= Task to carry out =
Please return only the lines from the one holding "X86696419Y-109977819D01*" through the one holding "X86601181Y-108977819D01*", exactly as they appear in the records below, both ends included.

= Task input =

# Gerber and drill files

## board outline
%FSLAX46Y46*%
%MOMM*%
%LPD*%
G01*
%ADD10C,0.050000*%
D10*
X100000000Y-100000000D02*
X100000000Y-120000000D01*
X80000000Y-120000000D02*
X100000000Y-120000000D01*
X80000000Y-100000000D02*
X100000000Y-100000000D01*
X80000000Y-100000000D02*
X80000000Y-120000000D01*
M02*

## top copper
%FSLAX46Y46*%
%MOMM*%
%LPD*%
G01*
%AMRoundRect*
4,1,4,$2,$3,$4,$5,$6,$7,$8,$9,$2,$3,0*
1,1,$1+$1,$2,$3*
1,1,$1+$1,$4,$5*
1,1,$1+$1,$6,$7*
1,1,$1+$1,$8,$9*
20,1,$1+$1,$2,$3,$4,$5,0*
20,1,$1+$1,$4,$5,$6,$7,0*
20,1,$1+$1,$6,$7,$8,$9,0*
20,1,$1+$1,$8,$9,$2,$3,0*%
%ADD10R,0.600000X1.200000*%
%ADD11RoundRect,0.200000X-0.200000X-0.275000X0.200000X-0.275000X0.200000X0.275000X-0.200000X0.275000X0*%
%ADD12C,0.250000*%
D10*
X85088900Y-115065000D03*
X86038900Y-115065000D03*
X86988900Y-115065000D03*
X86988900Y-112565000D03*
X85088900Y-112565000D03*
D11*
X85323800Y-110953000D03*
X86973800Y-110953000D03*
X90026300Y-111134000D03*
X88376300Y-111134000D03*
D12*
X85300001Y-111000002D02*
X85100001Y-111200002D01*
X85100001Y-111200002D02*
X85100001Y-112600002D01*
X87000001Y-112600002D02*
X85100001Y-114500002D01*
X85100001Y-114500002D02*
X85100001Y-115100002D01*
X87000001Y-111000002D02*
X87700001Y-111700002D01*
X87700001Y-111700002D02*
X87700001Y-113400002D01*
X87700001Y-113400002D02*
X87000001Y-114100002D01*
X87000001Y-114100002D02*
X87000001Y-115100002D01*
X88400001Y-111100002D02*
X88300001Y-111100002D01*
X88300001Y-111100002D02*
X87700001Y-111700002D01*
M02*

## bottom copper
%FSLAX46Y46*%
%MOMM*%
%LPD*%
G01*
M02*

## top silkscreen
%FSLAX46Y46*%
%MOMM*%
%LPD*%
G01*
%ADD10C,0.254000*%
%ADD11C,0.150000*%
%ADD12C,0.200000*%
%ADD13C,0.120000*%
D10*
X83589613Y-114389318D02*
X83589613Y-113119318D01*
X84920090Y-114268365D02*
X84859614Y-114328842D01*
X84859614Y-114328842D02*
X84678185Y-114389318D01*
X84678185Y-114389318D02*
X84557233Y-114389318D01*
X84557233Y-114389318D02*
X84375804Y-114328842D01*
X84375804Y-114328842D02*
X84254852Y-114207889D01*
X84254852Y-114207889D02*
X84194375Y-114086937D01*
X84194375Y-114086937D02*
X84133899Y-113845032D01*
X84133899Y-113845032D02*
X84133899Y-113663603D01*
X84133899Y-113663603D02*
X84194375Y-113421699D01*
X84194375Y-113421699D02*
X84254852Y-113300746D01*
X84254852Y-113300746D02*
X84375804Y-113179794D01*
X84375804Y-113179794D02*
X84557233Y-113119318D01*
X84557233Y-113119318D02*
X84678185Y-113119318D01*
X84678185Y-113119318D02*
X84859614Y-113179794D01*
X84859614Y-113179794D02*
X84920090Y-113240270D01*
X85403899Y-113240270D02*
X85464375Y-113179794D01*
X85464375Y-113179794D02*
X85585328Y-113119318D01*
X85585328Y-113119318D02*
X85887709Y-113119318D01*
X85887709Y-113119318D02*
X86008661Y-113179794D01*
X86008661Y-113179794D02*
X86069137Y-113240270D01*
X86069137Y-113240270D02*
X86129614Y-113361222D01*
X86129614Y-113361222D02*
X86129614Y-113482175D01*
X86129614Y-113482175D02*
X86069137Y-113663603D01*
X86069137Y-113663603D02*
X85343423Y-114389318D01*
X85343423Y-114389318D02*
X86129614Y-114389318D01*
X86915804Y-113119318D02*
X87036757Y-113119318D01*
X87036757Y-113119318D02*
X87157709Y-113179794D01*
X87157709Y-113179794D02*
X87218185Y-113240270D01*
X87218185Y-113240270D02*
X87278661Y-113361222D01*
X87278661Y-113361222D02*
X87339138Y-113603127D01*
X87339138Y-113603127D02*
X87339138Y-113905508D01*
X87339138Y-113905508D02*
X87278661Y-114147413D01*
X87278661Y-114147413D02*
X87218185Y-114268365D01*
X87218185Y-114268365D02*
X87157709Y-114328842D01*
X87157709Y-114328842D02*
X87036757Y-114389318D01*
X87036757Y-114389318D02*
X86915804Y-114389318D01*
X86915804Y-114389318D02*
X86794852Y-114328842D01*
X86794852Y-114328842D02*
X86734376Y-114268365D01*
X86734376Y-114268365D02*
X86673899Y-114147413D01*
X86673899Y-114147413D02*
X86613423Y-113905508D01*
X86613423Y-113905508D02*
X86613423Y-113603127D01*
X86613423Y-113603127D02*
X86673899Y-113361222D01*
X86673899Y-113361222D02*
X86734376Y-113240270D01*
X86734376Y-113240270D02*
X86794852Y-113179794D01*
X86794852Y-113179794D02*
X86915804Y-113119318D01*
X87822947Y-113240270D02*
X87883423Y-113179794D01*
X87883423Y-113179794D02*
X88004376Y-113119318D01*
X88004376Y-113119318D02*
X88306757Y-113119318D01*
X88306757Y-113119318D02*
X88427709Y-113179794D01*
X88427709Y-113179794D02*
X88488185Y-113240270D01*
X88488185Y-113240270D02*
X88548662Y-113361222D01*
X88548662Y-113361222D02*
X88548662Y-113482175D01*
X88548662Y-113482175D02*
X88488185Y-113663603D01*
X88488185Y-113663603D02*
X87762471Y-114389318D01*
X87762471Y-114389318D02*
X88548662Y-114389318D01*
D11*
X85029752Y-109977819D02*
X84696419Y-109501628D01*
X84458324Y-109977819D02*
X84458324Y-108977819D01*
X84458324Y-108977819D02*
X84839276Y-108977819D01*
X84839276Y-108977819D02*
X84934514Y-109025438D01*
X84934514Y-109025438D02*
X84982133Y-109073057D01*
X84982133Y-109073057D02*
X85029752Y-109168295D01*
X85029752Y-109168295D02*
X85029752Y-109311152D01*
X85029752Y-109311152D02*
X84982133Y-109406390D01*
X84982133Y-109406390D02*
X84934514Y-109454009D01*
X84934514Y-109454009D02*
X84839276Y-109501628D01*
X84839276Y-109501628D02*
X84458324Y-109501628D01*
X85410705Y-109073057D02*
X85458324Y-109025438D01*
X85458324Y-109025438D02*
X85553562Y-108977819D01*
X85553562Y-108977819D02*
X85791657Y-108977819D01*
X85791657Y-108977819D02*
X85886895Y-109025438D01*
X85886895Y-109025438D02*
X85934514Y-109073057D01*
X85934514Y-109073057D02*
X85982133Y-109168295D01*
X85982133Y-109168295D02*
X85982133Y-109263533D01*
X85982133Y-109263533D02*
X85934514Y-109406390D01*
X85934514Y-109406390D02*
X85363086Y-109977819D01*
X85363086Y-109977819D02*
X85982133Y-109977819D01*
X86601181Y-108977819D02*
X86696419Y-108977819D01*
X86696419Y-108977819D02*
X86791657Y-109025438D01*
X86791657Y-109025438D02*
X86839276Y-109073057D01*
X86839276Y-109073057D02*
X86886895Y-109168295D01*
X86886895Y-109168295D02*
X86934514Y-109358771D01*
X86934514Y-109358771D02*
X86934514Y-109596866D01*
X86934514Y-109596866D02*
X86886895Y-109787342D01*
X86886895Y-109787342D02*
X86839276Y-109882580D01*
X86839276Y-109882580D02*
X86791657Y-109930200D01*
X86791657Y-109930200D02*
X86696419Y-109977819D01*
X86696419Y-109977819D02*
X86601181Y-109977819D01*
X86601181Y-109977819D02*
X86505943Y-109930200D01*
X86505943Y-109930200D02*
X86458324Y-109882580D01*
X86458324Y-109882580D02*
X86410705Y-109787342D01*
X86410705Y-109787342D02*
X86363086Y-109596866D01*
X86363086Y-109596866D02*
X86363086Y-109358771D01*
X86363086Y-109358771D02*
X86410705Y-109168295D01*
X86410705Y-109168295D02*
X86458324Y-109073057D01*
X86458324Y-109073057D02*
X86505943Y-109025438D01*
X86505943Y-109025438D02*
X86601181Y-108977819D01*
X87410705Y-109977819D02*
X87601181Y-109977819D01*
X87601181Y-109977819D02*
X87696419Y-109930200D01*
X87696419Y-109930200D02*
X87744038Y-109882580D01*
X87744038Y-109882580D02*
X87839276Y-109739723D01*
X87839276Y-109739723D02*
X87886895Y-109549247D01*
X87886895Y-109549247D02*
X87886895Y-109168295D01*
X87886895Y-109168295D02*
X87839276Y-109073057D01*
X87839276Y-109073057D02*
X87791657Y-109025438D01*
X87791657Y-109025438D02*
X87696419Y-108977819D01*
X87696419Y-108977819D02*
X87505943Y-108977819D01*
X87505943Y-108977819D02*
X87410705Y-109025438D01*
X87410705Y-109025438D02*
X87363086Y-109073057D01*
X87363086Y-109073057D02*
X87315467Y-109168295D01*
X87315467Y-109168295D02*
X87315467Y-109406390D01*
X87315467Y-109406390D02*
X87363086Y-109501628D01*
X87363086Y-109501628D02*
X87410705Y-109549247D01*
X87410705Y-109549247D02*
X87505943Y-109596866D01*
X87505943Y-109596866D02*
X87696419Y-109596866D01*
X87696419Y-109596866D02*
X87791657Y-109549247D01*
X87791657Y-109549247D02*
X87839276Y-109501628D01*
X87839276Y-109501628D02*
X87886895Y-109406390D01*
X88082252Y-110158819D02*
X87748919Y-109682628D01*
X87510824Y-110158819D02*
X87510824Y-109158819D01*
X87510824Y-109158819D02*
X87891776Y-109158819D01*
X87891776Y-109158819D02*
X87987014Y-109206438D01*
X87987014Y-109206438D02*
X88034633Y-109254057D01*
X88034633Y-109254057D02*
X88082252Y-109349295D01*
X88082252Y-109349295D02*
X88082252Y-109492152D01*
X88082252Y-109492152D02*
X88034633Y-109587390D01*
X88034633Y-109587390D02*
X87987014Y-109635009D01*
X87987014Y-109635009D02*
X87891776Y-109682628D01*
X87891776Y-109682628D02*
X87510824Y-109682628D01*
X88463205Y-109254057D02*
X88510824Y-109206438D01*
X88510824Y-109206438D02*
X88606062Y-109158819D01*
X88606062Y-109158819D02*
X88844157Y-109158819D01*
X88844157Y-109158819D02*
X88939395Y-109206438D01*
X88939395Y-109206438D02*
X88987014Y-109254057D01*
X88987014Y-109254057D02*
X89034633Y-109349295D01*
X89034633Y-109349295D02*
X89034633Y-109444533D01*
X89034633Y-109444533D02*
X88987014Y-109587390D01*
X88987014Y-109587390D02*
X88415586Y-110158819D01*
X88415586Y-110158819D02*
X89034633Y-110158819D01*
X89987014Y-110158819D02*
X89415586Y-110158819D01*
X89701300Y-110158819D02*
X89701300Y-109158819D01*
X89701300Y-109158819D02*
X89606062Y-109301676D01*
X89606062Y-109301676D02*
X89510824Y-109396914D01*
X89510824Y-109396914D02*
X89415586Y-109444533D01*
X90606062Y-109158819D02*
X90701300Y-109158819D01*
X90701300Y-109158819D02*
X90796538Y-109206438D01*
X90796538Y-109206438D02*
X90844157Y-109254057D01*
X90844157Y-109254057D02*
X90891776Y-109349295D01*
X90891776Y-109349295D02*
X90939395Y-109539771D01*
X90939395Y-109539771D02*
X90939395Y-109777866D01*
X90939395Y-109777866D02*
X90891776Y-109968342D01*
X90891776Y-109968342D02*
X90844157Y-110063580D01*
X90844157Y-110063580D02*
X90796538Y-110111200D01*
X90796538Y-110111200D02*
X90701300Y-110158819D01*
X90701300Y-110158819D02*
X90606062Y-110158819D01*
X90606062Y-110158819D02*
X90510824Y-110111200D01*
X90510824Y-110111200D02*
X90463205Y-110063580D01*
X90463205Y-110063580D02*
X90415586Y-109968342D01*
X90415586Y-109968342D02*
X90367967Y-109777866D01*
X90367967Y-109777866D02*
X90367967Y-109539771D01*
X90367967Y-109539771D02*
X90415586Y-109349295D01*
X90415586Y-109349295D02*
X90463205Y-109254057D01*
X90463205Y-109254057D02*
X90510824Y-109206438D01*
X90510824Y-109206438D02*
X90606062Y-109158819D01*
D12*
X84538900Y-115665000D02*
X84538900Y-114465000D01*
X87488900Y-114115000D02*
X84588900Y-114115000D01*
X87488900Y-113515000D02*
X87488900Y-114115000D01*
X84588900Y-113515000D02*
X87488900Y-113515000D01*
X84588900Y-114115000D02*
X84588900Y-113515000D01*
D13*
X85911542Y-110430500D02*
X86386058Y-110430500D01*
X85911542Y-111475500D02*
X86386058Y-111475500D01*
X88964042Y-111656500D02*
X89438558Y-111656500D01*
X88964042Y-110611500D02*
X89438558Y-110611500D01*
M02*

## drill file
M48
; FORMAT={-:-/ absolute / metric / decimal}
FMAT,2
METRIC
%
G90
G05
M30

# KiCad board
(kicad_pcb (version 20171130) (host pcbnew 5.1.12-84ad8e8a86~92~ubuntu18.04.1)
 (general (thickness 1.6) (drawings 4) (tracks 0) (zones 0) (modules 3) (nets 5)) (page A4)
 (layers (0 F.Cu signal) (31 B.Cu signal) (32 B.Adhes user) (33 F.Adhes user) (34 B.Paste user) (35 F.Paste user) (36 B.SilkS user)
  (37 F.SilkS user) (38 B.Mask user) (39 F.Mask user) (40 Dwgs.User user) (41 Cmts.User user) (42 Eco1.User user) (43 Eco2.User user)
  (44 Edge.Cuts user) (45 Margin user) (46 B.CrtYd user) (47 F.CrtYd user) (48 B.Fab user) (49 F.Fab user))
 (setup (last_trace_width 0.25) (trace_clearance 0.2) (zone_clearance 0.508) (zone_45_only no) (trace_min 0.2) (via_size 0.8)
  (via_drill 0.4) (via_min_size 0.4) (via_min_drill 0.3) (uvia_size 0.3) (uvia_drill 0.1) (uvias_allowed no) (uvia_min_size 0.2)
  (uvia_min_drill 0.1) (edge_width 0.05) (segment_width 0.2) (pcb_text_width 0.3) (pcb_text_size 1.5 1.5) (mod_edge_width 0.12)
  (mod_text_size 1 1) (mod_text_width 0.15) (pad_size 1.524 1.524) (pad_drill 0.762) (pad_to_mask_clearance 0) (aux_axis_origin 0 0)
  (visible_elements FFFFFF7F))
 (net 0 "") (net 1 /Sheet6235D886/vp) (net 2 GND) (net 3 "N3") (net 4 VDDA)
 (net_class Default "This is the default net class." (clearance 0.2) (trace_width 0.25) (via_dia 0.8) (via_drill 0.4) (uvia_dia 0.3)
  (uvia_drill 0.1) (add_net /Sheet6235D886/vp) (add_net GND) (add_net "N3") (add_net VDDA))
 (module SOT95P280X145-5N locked (layer F.Cu) (at 86.038900 113.815000 90.000000)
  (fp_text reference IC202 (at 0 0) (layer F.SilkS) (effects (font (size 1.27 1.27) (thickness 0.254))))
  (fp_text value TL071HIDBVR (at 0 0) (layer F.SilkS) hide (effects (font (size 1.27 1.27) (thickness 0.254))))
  (fp_line (start -1.85 -1.5) (end -0.65 -1.5) (layer F.SilkS) (width 0.2))
  (fp_line (start -0.3 1.45) (end -0.3 -1.45) (layer F.SilkS) (width 0.2))
  (fp_line (start 0.3 1.45) (end -0.3 1.45) (layer F.SilkS) (width 0.2))
  (fp_line (start 0.3 -1.45) (end 0.3 1.45) (layer F.SilkS) (width 0.2))
  (fp_line (start -0.3 -1.45) (end 0.3 -1.45) (layer F.SilkS) (width 0.2))
  (pad 1 smd rect (at -1.25 -0.95 180.000000) (size 0.6 1.2) (layers F.Cu F.Mask F.Paste) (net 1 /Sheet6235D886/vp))
  (pad 2 smd rect (at -1.25 0 180.000000) (size 0.6 1.2) (layers F.Cu F.Mask F.Paste) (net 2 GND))
  (pad 3 smd rect (at -1.25 0.95 180.000000) (size 0.6 1.2) (layers F.Cu F.Mask F.Paste) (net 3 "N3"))
  (pad 4 smd rect (at 1.25 0.95 180.000000) (size 0.6 1.2) (layers F.Cu F.Mask F.Paste) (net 1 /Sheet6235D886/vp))
  (pad 5 smd rect (at 1.25 -0.95 180.000000) (size 0.6 1.2) (layers F.Cu F.Mask F.Paste) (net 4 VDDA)))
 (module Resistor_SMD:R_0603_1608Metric (layer F.Cu) (at 86.148800 110.953000)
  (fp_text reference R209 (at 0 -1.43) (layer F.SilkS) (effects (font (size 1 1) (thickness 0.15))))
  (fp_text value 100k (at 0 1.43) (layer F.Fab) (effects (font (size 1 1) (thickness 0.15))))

= Result =
X86696419Y-109977819D01*
X86696419Y-109977819D02*
X86601181Y-109977819D01*
X86601181Y-109977819D02*
X86505943Y-109930200D01*
X86505943Y-109930200D02*
X86458324Y-109882580D01*
X86458324Y-109882580D02*
X86410705Y-109787342D01*
X86410705Y-109787342D02*
X86363086Y-109596866D01*
X86363086Y-109596866D02*
X86363086Y-109358771D01*
X86363086Y-109358771D02*
X86410705Y-109168295D01*
X86410705Y-109168295D02*
X86458324Y-109073057D01*
X86458324Y-109073057D02*
X86505943Y-109025438D01*
X86505943Y-109025438D02*
X86601181Y-108977819D01*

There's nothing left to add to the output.